Assigned task
Every line from the one with "X168910000Y-71120000D02*" to the one with "X138430000Y-57150000D02*", including those two, is to be copied exactly; all other lines of the entries below are left out.

(Dataset entries)
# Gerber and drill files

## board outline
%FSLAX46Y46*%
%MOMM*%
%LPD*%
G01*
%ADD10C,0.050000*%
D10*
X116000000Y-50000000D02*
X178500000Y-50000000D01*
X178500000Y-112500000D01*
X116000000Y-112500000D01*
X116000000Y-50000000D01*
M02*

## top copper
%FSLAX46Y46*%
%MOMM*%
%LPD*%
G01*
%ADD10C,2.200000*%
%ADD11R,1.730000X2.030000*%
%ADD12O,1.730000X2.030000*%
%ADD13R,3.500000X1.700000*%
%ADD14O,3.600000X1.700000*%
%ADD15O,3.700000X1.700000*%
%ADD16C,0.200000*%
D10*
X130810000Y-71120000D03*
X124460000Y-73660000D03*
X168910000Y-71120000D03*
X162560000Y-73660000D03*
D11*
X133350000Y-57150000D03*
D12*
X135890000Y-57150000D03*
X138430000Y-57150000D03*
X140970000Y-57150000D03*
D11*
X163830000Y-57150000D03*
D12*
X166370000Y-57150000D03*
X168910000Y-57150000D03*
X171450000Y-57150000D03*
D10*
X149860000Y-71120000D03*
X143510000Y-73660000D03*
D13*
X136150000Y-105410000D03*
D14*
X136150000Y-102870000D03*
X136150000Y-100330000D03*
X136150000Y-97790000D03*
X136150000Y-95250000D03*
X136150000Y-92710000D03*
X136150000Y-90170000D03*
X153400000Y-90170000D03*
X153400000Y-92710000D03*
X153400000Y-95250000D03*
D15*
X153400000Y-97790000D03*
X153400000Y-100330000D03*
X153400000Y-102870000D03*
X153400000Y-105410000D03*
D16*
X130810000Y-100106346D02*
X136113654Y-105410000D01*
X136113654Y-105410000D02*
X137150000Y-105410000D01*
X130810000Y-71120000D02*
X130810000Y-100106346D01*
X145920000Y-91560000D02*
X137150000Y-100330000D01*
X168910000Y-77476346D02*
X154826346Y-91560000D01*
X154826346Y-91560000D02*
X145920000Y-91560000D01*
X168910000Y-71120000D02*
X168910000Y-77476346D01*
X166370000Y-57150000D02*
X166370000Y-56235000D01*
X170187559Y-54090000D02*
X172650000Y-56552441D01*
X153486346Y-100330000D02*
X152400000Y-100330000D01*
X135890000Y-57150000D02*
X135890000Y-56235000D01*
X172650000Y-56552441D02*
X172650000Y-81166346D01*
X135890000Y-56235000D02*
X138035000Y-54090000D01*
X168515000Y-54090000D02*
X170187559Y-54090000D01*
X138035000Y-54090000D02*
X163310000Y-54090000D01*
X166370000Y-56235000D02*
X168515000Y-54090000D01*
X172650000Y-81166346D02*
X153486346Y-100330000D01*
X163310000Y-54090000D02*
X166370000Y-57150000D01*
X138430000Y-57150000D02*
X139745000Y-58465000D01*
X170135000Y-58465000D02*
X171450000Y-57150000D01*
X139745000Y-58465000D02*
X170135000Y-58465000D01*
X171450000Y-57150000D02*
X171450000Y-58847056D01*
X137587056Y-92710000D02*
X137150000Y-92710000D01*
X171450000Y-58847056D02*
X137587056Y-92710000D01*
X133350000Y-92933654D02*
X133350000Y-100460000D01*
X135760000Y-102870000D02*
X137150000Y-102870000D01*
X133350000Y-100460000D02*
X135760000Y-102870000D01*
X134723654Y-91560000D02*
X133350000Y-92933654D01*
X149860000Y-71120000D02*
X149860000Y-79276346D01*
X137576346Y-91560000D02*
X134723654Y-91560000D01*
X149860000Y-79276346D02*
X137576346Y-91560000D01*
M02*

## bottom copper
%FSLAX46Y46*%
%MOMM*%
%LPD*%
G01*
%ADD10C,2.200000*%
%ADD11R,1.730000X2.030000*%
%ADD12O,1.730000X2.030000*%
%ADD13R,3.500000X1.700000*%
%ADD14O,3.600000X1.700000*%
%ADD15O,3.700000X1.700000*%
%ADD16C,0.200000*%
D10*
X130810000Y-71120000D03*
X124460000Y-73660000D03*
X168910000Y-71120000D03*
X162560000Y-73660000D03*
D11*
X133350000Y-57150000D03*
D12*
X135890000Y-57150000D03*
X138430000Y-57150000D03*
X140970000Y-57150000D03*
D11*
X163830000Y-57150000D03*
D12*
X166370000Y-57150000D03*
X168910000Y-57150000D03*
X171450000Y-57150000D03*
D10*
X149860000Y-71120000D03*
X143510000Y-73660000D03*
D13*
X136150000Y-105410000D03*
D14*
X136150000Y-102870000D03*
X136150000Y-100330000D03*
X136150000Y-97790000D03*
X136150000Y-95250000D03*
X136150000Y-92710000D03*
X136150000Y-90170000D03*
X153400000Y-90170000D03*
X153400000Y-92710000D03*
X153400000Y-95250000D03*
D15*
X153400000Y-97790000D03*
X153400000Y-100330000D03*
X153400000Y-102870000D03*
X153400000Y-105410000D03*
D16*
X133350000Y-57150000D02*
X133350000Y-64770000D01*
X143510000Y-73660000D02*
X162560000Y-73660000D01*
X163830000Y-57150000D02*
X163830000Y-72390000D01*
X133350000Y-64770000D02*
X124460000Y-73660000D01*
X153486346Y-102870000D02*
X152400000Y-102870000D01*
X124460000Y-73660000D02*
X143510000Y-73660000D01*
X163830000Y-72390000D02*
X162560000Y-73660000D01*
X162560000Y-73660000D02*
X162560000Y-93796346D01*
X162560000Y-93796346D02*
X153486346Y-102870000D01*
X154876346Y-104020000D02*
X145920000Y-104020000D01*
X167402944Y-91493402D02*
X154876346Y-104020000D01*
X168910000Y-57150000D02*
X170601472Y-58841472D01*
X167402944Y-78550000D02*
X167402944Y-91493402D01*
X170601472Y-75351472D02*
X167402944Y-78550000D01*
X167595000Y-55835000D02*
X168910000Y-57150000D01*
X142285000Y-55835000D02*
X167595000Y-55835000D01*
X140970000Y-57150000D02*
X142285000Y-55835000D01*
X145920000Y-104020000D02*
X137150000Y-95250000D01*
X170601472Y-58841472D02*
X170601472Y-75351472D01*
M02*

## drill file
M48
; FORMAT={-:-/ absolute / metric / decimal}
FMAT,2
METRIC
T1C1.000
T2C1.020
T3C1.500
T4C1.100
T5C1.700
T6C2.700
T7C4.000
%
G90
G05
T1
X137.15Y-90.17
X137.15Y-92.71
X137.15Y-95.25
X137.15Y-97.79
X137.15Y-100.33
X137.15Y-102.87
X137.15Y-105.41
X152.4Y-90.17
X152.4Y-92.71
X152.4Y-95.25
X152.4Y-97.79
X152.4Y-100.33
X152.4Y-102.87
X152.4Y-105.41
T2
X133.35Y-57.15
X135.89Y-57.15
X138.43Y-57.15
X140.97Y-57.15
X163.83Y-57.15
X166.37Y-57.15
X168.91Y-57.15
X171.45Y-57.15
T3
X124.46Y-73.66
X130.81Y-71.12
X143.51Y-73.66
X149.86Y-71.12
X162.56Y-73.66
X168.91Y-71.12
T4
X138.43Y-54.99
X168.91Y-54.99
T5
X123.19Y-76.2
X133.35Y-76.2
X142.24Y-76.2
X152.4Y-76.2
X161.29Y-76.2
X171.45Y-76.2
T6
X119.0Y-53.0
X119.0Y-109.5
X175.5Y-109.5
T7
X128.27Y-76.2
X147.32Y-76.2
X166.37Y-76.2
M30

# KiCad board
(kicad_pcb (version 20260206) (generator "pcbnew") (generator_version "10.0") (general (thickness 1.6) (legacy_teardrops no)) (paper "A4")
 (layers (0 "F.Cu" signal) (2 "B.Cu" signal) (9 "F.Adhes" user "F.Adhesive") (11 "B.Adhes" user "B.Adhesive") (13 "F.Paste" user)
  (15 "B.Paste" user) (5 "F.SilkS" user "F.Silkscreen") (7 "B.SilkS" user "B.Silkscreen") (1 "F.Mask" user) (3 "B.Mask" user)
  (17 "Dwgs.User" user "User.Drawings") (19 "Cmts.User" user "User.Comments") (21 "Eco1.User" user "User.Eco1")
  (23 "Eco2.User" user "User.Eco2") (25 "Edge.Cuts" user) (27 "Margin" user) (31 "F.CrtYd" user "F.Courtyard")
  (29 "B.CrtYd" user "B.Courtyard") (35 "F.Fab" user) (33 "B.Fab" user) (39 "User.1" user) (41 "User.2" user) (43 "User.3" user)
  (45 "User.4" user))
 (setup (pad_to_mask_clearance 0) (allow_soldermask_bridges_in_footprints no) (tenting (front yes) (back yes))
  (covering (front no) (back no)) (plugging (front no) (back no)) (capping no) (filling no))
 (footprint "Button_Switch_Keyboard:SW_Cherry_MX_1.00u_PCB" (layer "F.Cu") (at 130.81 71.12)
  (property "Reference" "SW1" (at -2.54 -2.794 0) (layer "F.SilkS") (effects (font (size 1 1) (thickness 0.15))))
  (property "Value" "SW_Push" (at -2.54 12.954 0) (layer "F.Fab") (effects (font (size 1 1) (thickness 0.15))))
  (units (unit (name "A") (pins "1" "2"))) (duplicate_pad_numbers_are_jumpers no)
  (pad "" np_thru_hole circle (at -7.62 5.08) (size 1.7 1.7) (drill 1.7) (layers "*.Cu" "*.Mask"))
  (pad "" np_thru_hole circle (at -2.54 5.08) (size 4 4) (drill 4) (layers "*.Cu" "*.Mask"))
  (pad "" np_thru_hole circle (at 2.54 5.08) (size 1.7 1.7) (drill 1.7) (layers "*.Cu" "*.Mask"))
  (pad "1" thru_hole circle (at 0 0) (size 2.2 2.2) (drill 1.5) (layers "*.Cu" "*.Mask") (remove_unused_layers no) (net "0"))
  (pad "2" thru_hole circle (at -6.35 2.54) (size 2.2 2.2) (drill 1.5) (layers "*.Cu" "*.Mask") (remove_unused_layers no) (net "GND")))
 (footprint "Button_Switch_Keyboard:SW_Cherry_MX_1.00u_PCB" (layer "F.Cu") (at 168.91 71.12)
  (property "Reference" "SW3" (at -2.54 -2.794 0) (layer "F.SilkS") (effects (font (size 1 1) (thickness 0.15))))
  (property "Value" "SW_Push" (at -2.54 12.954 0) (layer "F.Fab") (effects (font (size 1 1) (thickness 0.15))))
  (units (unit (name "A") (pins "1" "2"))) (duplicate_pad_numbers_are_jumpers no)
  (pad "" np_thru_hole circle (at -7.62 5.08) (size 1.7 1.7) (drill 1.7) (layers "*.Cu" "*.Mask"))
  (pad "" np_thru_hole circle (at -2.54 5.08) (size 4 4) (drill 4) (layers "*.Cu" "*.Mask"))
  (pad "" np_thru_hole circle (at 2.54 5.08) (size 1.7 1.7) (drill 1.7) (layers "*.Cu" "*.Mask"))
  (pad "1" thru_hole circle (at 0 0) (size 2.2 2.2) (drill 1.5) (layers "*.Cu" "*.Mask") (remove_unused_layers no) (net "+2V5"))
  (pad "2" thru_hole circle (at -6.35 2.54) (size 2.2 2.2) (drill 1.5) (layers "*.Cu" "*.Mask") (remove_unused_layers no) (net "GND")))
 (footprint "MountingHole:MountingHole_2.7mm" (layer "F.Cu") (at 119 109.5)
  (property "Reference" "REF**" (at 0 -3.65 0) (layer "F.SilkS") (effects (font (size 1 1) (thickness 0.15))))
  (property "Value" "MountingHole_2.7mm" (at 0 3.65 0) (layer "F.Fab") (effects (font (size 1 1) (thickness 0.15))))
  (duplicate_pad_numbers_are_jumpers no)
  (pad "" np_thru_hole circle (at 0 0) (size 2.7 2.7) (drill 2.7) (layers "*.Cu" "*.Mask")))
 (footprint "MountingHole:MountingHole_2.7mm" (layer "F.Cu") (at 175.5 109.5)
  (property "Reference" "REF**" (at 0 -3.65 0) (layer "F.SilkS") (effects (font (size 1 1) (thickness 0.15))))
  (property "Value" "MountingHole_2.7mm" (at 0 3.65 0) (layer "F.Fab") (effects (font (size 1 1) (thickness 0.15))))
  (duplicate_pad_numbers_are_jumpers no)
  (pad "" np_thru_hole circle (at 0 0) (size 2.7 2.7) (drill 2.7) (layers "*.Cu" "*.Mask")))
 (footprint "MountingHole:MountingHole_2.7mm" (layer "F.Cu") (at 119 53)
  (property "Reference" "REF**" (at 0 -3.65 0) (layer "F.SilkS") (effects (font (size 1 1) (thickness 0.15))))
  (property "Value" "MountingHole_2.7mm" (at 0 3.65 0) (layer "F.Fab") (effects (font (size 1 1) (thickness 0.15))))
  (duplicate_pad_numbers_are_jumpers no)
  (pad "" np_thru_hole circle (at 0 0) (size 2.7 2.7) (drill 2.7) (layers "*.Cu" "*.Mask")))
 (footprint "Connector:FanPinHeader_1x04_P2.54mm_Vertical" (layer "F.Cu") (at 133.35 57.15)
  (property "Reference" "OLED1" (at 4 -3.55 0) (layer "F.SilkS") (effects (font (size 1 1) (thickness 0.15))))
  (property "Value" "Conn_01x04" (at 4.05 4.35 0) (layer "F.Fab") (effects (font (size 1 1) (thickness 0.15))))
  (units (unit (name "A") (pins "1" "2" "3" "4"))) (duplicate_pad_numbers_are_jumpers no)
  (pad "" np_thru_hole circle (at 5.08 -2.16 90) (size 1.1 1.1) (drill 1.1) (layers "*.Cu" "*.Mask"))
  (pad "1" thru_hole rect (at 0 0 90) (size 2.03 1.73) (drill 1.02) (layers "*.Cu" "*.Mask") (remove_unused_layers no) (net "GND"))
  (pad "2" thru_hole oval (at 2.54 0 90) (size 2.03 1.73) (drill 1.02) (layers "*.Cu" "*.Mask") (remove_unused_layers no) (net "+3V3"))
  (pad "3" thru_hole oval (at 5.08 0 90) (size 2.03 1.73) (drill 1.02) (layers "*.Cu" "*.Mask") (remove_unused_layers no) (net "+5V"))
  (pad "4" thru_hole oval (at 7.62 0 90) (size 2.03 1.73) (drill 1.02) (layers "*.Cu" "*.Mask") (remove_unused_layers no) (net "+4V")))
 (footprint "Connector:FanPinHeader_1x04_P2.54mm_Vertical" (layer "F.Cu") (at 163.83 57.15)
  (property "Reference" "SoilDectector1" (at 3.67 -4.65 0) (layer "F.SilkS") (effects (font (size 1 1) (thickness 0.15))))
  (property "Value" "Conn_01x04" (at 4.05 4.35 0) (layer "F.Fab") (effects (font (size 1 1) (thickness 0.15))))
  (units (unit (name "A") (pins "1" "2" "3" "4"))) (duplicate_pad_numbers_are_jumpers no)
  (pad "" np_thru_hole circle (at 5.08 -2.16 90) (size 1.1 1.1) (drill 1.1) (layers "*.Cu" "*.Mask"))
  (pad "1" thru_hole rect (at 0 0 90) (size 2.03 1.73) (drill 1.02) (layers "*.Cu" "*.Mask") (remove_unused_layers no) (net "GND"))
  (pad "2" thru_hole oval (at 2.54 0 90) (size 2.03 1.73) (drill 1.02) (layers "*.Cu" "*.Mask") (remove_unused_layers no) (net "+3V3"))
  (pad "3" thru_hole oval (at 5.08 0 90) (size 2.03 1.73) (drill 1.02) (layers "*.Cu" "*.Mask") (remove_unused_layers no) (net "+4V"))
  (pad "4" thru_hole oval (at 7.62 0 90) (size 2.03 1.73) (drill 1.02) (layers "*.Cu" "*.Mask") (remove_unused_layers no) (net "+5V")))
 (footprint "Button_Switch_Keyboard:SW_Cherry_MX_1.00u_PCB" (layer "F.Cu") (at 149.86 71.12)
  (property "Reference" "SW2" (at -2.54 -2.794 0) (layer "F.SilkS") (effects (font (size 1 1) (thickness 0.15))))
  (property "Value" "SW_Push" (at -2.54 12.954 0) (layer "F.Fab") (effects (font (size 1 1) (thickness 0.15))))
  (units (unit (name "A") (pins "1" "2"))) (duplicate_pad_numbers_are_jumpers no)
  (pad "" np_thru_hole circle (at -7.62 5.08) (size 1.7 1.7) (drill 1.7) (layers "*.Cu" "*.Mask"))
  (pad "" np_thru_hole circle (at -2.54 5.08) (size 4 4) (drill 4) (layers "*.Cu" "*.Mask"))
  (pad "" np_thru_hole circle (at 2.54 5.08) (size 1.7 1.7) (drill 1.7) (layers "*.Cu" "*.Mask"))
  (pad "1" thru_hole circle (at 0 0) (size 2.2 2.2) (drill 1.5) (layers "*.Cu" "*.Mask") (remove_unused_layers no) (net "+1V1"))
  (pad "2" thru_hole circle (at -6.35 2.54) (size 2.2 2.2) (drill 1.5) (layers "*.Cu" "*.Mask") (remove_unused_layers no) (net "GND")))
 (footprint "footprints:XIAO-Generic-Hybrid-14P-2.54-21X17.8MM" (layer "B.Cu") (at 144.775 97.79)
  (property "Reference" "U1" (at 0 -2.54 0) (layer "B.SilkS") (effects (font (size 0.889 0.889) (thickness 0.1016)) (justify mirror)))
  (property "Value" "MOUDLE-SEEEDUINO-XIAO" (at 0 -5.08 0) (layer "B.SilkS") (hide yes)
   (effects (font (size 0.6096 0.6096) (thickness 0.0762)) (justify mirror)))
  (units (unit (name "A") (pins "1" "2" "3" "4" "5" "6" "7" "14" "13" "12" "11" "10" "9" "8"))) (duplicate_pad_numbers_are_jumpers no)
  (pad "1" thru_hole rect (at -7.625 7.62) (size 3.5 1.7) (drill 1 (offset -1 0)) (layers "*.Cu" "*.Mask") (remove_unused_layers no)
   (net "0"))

Answer box
X168910000Y-71120000D02*
X168910000Y-77476346D01*
X166370000Y-57150000D02*
X166370000Y-56235000D01*
X170187559Y-54090000D02*
X172650000Y-56552441D01*
X153486346Y-100330000D02*
X152400000Y-100330000D01*
X135890000Y-57150000D02*
X135890000Y-56235000D01*
X172650000Y-56552441D02*
X172650000Y-81166346D01*
X135890000Y-56235000D02*
X138035000Y-54090000D01*
X168515000Y-54090000D02*
X170187559Y-54090000D01*
X138035000Y-54090000D02*
X163310000Y-54090000D01*
X166370000Y-56235000D02*
X168515000Y-54090000D01*
X172650000Y-81166346D02*
X153486346Y-100330000D01*
X163310000Y-54090000D02*
X166370000Y-57150000D01*
X138430000Y-57150000D02*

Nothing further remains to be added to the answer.